Wha??? 45$$$$???!!! that's alot of money for a betta! Here they only get to 15$!


----------



## fleetfish (Jun 29, 2010)

My new VT is a pink/purple butterfly. I'm trying to get pics but he's still pretty shy!


----------



## megaredize (May 21, 2012)

I recently went to the city so i visited Big Al's and pet smart. big al's was very disappointing and their bettas did not look good. some were in glass jars some were in cups. but i took pics anyways and this one was pretty good looking. 








I ended up getting one from pet smart but if i was able to get two i would have probably went back for him cause i want a pink/purple one


----------



## madmonahan (Aug 26, 2012)

^ wow! He is so gorgeous! I'm going to petsmart tomorrow with my dad! He said "ok we can go but were not getting anymore animals!" lol >-> no promises.....


----------



## Lissa3116 (Nov 6, 2012)

madmonahan said:


> Wha??? 45$$$$???!!! that's alot of money for a betta! Here they only get to 15$!


Yes!!! She was off to the side and I was gonna get her till I saw the price. So I got my 9 dollar sharkbait


----------



## sainthogan (Sep 27, 2012)

My girl has purple iridescence if you shine a flash light on her. You can see it in my avatar picture and some of the pictures of her in my album.


----------



## Imagine (Sep 14, 2012)

I have a real purple one, but I can't post pics on my iPad


----------



## madmonahan (Aug 26, 2012)

sainthogan said:


> My girl has purple iridescence if you shine a flash light on her. You can see it in my avatar picture and some of the pictures of her in my album.

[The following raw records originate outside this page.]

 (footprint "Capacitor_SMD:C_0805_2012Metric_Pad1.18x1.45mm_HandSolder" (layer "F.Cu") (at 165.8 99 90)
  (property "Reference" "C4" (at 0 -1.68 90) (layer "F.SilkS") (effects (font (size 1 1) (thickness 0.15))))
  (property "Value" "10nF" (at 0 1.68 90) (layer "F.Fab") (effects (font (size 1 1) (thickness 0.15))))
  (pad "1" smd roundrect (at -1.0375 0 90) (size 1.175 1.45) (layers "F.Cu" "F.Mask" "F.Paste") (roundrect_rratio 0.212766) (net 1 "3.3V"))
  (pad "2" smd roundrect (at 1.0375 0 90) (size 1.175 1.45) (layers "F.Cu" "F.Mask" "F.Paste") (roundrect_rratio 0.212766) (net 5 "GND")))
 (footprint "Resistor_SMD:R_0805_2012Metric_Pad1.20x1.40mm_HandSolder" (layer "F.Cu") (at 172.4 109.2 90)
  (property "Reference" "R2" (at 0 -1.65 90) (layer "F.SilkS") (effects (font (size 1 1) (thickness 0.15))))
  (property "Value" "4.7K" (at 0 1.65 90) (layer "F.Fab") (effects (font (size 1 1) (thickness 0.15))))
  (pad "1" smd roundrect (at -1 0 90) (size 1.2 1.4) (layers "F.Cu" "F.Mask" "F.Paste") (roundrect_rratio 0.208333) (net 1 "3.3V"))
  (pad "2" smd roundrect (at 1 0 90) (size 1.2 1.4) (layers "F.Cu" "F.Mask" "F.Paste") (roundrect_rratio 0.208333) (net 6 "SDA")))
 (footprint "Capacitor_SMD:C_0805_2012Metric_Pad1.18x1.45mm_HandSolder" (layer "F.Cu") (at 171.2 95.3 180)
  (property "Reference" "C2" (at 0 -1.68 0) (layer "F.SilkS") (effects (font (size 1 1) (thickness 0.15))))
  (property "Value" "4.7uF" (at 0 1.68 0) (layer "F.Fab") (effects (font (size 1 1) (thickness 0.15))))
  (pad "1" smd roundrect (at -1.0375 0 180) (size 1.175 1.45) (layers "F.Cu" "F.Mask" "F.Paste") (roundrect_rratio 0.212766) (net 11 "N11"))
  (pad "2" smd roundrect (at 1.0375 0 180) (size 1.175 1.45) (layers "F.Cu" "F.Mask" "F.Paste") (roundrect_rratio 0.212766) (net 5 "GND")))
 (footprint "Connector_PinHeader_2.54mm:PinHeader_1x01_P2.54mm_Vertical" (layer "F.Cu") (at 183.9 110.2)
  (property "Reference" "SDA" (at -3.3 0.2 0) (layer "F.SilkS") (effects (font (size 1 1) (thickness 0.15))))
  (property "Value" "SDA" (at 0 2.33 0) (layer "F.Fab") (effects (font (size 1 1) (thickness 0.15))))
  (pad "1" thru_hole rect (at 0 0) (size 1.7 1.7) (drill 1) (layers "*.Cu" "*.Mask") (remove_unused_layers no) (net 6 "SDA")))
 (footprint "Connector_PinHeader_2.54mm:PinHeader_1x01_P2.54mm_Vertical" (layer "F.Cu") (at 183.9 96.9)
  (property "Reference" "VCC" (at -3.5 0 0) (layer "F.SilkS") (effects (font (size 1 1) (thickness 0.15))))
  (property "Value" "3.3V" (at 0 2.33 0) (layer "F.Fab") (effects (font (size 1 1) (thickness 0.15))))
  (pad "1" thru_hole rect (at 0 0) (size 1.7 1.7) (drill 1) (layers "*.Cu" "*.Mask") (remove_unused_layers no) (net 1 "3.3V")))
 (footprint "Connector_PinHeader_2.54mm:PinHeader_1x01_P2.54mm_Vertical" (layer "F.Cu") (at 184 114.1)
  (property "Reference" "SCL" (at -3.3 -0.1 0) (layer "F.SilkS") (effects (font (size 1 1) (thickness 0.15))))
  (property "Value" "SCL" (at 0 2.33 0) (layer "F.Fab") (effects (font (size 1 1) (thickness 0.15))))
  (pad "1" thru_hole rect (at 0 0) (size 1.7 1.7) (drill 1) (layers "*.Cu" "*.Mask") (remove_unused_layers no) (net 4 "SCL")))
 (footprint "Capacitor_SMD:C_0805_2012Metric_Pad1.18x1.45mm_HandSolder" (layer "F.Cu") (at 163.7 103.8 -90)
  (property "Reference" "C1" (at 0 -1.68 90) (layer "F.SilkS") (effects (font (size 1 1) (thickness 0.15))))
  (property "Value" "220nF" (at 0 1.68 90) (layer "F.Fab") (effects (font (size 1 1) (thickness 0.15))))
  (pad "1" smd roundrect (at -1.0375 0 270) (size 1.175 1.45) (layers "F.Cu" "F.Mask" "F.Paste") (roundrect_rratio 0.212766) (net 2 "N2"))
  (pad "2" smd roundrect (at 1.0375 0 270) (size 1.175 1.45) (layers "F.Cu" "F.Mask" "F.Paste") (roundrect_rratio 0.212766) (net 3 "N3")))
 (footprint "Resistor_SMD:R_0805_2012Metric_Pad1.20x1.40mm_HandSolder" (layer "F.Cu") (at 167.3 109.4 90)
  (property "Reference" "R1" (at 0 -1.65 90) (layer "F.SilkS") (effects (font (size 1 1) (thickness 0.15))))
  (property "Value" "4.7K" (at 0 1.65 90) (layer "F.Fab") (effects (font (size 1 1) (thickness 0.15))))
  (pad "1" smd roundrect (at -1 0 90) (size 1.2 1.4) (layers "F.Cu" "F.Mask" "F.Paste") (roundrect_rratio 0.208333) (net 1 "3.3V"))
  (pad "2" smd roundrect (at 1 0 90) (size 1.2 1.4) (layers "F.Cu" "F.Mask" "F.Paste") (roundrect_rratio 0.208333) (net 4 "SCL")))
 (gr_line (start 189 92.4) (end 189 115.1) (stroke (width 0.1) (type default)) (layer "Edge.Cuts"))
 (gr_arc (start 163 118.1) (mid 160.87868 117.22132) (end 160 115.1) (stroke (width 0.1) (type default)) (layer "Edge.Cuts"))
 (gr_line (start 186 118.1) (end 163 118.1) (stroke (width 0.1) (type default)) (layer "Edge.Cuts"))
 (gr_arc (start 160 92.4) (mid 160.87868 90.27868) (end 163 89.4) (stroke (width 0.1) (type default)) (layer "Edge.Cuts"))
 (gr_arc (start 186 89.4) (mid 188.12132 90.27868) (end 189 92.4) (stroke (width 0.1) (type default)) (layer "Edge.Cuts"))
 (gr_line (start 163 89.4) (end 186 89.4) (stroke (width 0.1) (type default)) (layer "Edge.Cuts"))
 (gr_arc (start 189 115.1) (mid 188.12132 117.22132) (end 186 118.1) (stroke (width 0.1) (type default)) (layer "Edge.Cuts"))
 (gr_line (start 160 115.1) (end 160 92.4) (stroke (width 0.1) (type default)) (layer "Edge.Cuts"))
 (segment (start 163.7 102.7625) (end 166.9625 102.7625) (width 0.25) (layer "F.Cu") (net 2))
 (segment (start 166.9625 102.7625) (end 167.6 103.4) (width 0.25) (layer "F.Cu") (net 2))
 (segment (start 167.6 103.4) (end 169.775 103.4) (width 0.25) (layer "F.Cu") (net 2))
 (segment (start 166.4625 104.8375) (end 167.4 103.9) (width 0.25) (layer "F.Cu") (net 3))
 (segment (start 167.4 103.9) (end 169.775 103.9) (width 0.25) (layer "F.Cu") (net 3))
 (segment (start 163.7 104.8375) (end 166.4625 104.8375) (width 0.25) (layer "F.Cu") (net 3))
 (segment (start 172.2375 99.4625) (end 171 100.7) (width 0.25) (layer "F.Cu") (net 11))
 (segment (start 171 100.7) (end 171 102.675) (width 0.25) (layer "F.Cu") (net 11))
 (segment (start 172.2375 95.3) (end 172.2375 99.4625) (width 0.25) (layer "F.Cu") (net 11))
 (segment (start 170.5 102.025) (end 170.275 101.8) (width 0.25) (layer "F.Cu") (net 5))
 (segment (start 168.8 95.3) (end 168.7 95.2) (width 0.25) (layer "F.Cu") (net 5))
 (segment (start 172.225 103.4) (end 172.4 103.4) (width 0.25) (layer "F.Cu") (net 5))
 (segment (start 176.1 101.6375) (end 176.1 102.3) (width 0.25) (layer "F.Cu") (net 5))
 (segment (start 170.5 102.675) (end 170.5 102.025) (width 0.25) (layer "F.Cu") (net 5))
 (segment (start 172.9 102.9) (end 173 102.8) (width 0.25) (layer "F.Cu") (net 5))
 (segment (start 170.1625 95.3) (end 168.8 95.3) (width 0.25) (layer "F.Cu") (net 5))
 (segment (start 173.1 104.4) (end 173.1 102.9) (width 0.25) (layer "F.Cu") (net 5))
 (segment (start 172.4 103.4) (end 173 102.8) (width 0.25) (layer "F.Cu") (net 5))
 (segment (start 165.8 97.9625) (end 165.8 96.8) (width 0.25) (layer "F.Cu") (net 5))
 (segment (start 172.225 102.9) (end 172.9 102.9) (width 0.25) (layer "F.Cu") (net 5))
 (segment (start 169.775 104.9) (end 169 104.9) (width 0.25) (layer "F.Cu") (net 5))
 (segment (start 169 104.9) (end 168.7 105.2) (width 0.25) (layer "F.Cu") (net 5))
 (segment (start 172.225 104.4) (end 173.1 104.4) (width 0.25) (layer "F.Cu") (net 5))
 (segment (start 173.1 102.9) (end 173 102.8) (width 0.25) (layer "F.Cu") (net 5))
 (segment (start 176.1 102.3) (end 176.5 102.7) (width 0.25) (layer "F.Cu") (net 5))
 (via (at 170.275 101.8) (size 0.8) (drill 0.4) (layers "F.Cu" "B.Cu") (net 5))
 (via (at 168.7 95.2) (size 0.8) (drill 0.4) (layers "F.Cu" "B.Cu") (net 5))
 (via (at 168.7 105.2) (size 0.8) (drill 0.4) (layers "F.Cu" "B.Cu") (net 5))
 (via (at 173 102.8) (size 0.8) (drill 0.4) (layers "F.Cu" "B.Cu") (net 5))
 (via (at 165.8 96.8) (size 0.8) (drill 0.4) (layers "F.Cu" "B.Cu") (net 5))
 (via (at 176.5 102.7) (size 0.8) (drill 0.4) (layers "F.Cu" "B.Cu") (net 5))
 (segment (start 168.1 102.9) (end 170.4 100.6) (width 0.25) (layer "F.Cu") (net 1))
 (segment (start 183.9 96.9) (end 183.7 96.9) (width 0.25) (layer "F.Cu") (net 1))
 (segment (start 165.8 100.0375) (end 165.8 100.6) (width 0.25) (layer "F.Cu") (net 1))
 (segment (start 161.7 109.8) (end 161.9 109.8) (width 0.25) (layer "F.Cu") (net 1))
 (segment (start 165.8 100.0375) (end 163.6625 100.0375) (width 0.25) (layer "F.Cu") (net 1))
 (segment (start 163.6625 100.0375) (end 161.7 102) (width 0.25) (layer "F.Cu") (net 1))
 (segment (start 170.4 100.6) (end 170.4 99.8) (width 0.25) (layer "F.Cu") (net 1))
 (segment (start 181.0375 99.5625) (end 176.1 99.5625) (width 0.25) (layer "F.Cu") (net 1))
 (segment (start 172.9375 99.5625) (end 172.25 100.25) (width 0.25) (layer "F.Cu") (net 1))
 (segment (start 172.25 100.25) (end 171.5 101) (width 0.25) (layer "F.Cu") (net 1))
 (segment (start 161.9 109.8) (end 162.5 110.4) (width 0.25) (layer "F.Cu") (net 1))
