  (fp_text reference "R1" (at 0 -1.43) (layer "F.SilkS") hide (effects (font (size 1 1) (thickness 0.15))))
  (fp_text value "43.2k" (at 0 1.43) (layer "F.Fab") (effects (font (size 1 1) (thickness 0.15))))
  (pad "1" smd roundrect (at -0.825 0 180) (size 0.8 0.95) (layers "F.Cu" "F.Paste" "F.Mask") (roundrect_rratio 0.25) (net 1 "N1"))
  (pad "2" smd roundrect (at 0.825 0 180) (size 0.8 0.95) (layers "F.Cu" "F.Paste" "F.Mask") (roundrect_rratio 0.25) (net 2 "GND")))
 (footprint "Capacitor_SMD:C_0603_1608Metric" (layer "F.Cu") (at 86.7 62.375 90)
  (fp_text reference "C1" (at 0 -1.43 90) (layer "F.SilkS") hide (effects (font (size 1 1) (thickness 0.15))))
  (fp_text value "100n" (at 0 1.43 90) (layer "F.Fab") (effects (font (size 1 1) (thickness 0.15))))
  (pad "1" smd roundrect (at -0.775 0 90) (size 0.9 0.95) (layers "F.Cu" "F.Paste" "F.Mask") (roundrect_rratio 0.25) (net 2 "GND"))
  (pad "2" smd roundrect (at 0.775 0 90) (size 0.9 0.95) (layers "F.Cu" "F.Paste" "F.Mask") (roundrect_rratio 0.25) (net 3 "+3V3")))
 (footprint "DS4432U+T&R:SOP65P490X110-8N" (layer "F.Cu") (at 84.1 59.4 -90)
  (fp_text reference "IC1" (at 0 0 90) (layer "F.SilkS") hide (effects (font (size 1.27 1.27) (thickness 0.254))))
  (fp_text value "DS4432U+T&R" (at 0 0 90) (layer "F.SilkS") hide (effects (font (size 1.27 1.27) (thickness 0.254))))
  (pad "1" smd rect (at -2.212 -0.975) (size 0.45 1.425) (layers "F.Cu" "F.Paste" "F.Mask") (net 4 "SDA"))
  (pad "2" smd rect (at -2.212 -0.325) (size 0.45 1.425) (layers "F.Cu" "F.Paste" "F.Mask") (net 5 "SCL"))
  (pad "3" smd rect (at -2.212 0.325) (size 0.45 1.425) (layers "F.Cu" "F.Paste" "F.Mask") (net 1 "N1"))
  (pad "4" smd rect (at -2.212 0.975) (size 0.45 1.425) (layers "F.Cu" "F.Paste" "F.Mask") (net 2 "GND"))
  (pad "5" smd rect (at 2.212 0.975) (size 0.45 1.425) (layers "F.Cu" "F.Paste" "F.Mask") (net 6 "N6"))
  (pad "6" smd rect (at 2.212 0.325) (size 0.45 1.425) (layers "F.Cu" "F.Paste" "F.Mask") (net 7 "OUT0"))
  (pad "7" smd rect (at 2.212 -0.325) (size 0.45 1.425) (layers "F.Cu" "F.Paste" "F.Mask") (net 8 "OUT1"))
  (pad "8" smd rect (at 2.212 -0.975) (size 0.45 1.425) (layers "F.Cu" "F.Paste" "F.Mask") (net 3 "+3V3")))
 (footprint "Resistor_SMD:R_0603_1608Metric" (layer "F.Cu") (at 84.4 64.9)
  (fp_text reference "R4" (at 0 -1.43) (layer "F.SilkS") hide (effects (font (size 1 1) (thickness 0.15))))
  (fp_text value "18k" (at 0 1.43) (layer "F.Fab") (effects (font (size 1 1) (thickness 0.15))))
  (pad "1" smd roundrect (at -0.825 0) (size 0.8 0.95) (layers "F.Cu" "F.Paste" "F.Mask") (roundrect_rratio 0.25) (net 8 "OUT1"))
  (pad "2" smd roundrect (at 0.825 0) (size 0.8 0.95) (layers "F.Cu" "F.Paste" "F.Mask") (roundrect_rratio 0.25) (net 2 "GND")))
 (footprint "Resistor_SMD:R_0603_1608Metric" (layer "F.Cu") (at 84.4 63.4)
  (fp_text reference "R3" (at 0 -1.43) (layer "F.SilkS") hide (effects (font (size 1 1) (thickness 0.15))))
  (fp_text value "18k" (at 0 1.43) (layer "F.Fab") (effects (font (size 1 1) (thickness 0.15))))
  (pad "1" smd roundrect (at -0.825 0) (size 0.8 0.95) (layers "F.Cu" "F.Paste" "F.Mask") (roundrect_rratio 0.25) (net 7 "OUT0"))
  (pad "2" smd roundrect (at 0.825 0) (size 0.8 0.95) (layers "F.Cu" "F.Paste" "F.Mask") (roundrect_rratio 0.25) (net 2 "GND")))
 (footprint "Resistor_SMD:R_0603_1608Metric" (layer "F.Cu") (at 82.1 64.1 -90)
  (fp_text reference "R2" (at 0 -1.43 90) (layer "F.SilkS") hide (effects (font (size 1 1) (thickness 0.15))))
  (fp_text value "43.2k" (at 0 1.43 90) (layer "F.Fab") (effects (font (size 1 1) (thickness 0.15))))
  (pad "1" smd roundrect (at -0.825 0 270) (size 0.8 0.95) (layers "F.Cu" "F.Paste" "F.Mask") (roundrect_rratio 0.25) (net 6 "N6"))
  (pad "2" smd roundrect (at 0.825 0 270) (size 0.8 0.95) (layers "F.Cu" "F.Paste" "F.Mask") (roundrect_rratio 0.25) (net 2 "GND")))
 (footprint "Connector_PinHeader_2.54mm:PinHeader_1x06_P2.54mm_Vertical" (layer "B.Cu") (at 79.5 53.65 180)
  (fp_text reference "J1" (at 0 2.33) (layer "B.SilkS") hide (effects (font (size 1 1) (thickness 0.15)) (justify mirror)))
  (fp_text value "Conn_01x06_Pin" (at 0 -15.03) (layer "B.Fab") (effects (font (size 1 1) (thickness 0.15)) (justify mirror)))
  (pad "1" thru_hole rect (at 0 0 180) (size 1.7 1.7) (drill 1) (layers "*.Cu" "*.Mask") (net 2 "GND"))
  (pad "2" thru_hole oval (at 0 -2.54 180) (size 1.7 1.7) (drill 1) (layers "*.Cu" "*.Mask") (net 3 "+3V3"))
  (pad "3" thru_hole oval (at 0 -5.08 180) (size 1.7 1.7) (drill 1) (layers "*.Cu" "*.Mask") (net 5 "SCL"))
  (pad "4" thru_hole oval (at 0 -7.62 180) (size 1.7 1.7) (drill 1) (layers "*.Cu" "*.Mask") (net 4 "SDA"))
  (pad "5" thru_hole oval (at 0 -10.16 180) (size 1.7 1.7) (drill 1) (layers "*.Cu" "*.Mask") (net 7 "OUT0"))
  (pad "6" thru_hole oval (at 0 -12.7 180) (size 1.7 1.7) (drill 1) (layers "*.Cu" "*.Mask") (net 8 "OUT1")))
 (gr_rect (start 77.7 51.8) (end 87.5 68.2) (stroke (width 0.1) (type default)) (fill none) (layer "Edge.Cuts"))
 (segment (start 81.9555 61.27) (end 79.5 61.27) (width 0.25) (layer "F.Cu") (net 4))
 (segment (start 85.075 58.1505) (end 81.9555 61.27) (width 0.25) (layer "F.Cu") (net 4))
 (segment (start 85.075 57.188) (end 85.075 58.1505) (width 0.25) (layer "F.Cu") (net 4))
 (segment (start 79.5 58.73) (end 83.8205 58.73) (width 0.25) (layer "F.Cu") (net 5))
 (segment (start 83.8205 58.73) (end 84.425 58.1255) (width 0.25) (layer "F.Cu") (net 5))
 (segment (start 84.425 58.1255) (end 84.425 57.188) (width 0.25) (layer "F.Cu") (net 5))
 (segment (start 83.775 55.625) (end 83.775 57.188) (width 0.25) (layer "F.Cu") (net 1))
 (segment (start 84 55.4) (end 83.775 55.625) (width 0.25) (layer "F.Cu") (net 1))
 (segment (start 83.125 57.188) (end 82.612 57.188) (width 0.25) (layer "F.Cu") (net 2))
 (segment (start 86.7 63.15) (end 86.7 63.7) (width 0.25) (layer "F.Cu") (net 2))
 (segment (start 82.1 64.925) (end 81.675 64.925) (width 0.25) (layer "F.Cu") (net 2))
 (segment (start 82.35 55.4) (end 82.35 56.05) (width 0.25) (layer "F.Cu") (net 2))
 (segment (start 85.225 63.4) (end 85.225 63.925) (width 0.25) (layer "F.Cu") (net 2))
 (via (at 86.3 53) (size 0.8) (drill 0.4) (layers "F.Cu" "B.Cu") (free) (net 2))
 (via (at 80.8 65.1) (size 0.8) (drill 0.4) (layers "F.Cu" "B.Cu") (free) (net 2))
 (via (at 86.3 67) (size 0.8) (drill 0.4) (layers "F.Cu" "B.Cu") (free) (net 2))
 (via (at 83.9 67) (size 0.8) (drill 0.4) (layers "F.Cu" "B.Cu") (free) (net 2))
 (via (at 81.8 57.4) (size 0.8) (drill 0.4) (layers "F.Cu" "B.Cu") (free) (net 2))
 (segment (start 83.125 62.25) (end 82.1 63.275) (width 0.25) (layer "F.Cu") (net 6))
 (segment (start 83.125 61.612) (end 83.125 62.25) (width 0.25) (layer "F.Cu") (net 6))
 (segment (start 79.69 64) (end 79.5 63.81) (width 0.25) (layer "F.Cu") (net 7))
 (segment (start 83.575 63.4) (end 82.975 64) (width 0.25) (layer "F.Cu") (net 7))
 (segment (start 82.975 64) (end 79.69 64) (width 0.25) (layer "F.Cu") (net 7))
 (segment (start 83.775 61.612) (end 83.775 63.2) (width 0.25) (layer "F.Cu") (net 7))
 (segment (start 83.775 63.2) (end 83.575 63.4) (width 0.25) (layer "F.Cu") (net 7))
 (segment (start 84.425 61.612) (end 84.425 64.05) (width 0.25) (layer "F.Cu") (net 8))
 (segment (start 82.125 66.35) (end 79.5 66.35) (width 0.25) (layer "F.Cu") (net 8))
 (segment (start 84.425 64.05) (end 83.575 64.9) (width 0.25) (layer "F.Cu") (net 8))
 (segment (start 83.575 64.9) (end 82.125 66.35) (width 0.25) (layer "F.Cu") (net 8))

Oohhh I can see her pink!! Very pretty! :-D


----------



## madmonahan (Aug 26, 2012)

Imagine said:


> I have a real purple one, but I can't post pics on my iPad


Post pictures when you get the chance!!!


----------



## RandyTheBettaFish (Jul 11, 2012)

My first ever betta was a female veiltail with a pink body and bright purple fins. Unfortunatly she passed away a few months ago. :'(


----------



## JadeSparrow (Nov 9, 2012)

My little caly and her pretty purple fins. She even posed for the shot


----------



## madmonahan (Aug 26, 2012)

RandyTheBettaFish said:


> My first ever betta was a female veiltail with a pink body and bright purple fins. Unfortunatly she passed away a few months ago. :'(


Aaawww!!!! May she swim in peace.


----------



## FlyingFish47 (Sep 11, 2012)

Perry is a purpl-blue colour (his name is short for Periwinkle!) you can click on the link in my signature (if you're reading on Tropical Fish Keeping) for some reason the link won't show on Bettafish.com


----------



## Laki (Aug 24, 2011)

Does Ludendorff count? He's a multicolor but he has a purple head and pink body and pink on his tail  I'm in love with him!


----------



## madmonahan (Aug 26, 2012)

Wow he is so pretty!!!! I love it! He has alot of pink!


----------



## madmonahan (Aug 26, 2012)

FlyingFish47 said:


> Perry is a purpl-blue colour (his name is short for Periwinkle!) you can click on the link in my signature (if you're reading on Tropical Fish Keeping) for some reason the link won't show on Bettafish.com


I do see the purple on his tail! Nice!


----------



## DragonFish (Mar 31, 2009)

I have a few. 
Bruce is quite purple in person, though on camera he shows up more violet:









My newsit addition Ianto actually earned his name for being Pink!:









And then theres Mephisto. A bit difficult to get pictures of his true colors, but hes really something strange and unique....hes changed quite a bit since I got him to.  :









Also, though these guys have since passed away, I've had a couple of pink/purple guys in the past as well. 
Break:









Raikou:









And my first dragon ever, a little guy with a special place in my heard, Smaug <3:


----------



## Chard56 (Jan 22, 2011)

I started out four years ago with some Purple showing up in two of my PK spawns. The males were Petco "King" Bettas and the female was a Chocolate Veiltail. The Blue King:







This is the other Green/Red King Male:







The Chocolate Female:







Here is one of the males from one of the first spawns:







Through selective breeding I've tried improving on the coloring and crossing to Halfmoon. Here are some of the results. First a Purple Veiltail:







Purple Super Delta:


----------



## madmonahan (Aug 26, 2012)

Wow!! Those are some nice bettas!! That is super purple chard!
And wow! Dragon I love the one where he's flaring at your finger!


----------



## moonsand0wls (Jul 7, 2012)

I saw some photos of some on a Betta group I'm with on FB


----------



## DragonFish (Mar 31, 2009)

madmonahan said:


> And wow! Dragon I love the one where he's flaring at your finger!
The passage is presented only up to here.